--- Data section Enclosed Below ---

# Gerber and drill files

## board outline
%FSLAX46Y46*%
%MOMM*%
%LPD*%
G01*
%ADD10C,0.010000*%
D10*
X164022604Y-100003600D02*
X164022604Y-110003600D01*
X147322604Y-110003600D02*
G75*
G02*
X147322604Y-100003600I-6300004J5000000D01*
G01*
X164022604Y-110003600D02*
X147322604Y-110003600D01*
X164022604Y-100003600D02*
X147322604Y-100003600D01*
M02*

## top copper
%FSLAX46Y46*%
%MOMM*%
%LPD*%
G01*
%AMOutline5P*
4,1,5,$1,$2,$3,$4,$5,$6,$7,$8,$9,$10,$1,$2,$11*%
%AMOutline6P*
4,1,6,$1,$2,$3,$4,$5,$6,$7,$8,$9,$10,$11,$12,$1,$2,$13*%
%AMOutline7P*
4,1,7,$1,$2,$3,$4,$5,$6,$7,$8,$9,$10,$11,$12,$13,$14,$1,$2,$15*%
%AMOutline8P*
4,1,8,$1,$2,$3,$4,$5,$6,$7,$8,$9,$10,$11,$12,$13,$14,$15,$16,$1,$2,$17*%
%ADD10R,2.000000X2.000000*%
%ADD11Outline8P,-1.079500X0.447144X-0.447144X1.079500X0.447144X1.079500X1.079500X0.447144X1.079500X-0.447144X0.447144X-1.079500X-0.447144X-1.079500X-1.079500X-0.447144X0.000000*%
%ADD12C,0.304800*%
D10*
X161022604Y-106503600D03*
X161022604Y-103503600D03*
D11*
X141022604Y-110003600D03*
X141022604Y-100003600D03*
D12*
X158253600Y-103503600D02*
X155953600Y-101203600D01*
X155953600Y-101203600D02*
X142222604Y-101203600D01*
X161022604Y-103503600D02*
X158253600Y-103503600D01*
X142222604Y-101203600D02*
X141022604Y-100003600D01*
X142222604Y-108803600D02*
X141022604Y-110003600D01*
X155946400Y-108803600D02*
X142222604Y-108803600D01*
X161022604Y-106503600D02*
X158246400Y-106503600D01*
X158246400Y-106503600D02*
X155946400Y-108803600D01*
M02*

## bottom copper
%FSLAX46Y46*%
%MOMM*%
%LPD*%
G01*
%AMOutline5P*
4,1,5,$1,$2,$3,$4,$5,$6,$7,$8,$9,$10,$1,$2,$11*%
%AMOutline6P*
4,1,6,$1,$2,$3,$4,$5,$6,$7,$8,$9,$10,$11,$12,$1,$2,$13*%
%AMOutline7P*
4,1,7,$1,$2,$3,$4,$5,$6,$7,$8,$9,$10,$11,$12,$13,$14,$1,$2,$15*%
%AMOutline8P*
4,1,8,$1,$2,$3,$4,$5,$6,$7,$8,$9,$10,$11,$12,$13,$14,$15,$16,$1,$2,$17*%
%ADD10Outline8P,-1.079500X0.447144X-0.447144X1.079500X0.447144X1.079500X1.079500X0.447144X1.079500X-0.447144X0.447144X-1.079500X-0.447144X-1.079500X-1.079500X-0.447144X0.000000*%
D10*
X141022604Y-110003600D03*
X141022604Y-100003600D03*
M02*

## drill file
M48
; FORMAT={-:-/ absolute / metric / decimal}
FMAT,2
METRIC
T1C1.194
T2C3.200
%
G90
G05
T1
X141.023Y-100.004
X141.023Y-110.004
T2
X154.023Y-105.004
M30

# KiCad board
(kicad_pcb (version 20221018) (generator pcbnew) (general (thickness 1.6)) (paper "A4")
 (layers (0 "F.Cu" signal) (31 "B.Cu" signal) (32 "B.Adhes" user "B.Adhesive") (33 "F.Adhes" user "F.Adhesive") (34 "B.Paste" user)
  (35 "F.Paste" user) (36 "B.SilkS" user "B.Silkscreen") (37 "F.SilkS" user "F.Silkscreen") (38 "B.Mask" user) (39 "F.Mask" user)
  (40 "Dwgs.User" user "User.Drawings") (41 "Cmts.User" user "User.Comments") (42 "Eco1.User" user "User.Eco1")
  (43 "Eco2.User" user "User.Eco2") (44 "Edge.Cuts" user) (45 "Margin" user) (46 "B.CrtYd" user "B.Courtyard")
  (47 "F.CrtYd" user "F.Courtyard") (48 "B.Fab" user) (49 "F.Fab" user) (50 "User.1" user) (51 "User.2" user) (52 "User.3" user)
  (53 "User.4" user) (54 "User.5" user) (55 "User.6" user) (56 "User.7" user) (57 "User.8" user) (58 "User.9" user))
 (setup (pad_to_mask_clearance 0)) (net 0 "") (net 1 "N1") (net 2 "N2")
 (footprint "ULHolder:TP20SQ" (layer "F.Cu") (at 161.022604 106.5036)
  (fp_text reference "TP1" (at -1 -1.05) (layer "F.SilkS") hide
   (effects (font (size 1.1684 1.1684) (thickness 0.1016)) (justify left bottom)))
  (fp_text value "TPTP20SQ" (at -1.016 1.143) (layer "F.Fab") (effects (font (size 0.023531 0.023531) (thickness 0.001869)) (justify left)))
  (pad "TP" smd rect (at 0 0) (size 2 2) (layers "F.Cu" "F.Mask") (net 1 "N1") (solder_mask_margin 0.1016) (thermal_bridge_angle 45)))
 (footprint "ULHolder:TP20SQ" (layer "F.Cu") (at 161.022604 103.5036)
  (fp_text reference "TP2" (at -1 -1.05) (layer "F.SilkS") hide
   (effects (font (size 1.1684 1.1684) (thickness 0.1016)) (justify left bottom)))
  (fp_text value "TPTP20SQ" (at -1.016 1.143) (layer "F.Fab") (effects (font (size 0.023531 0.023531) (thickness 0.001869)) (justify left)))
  (pad "TP" smd rect (at 0 0) (size 2 2) (layers "F.Cu" "F.Mask") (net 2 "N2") (solder_mask_margin 0.1016) (thermal_bridge_angle 45)))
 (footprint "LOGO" (layer "F.Cu") (at 141 105 90)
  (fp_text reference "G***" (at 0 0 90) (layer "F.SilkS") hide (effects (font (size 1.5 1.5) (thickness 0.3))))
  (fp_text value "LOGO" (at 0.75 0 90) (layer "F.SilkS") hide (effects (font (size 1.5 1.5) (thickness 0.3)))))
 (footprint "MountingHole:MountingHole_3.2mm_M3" (layer "F.Cu") (at 154.022604 105.0036)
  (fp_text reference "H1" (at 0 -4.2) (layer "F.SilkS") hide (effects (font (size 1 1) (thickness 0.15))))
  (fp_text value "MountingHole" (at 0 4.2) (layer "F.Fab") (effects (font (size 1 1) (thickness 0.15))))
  (pad "" np_thru_hole circle (at 0 0) (size 3.2 3.2) (drill 3.2) (layers "*.Cu" "*.Mask")))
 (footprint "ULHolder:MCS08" (layer "F.Cu") (at 141.022604 110.0036)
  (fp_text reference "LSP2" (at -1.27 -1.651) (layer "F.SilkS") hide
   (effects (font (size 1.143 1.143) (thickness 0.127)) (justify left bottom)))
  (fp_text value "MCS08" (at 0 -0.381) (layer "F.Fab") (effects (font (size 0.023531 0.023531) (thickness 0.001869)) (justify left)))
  (pad "MP" thru_hole roundrect (at 0 0) (size 2.159 2.159) (drill 1.1938) (layers "*.Cu" "*.Mask") (roundrect_rratio 0.25)
   (chamfer_ratio 0.2928932188) (chamfer top_left top_right bottom_left bottom_right) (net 1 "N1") (solder_mask_margin 0.1016)
   (thermal_bridge_angle 45)))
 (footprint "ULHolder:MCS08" (layer "F.Cu") (at 141.022604 100.0036)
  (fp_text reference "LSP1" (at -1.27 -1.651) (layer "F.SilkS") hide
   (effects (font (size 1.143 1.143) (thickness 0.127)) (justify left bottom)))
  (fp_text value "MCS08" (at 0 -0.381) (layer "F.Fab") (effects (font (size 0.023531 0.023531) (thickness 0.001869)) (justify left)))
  (pad "MP" thru_hole roundrect (at 0 0) (size 2.159 2.159) (drill 1.1938) (layers "*.Cu" "*.Mask") (roundrect_rratio 0.25)
   (chamfer_ratio 0.2928932188) (chamfer top_left top_right bottom_left bottom_right) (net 2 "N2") (solder_mask_margin 0.1016)
   (thermal_bridge_angle 45)))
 (gr_line (start 164.022604 100.0036) (end 164.022604 110.0036) (stroke (width 0.01) (type solid)) (layer "Edge.Cuts"))
 (gr_arc (start 147.322604 110.0036) (mid 132.979595 105.0036) (end 147.322604 100.0036) (stroke (width 0.01) (type solid))
  (layer "Edge.Cuts"))
 (gr_line (start 164.022604 110.0036) (end 147.322604 110.0036) (stroke (width 0.01) (type solid)) (layer "Edge.Cuts"))
 (gr_line (start 164.022604 100.0036) (end 147.322604 100.0036) (stroke (width 0.01) (type solid)) (layer "Edge.Cuts"))
 (segment (start 158.2536 103.5036) (end 155.9536 101.2036) (width 0.3048) (layer "F.Cu") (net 2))
 (segment (start 155.9536 101.2036) (end 142.222604 101.2036) (width 0.3048) (layer "F.Cu") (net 2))
 (segment (start 161.022604 103.5036) (end 158.2536 103.5036) (width 0.3048) (layer "F.Cu") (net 2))
 (segment (start 142.222604 101.2036) (end 141.022604 100.0036) (width 0.3048) (layer "F.Cu") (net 2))
 (segment (start 142.222604 108.8036) (end 141.022604 110.0036) (width 0.3048) (layer "F.Cu") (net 1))
 (segment (start 155.9464 108.8036) (end 142.222604 108.8036) (width 0.3048) (layer "F.Cu") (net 1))
 (segment (start 161.022604 106.5036) (end 158.2464 106.5036) (width 0.3048) (layer "F.Cu") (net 1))
 (segment (start 158.2464 106.5036) (end 155.9464 108.8036) (width 0.3048) (layer "F.Cu") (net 1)))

--- End of Enclosed Data section ---

Show the lines above with "reference".

- _Result_:
  (fp_text reference "TP1" (at -1 -1.05) (layer "F.SilkS") hide
  (fp_text reference "TP2" (at -1 -1.05) (layer "F.SilkS") hide
  (fp_text reference "G***" (at 0 0 90) (layer "F.SilkS") hide (effects (font (size 1.5 1.5) (thickness 0.3))))
  (fp_text reference "H1" (at 0 -4.2) (layer "F.SilkS") hide (effects (font (size 1 1) (thickness 0.15))))
  (fp_text reference "LSP2" (at -1.27 -1.651) (layer "F.SilkS") hide
  (fp_text reference "LSP1" (at -1.27 -1.651) (layer "F.SilkS") hide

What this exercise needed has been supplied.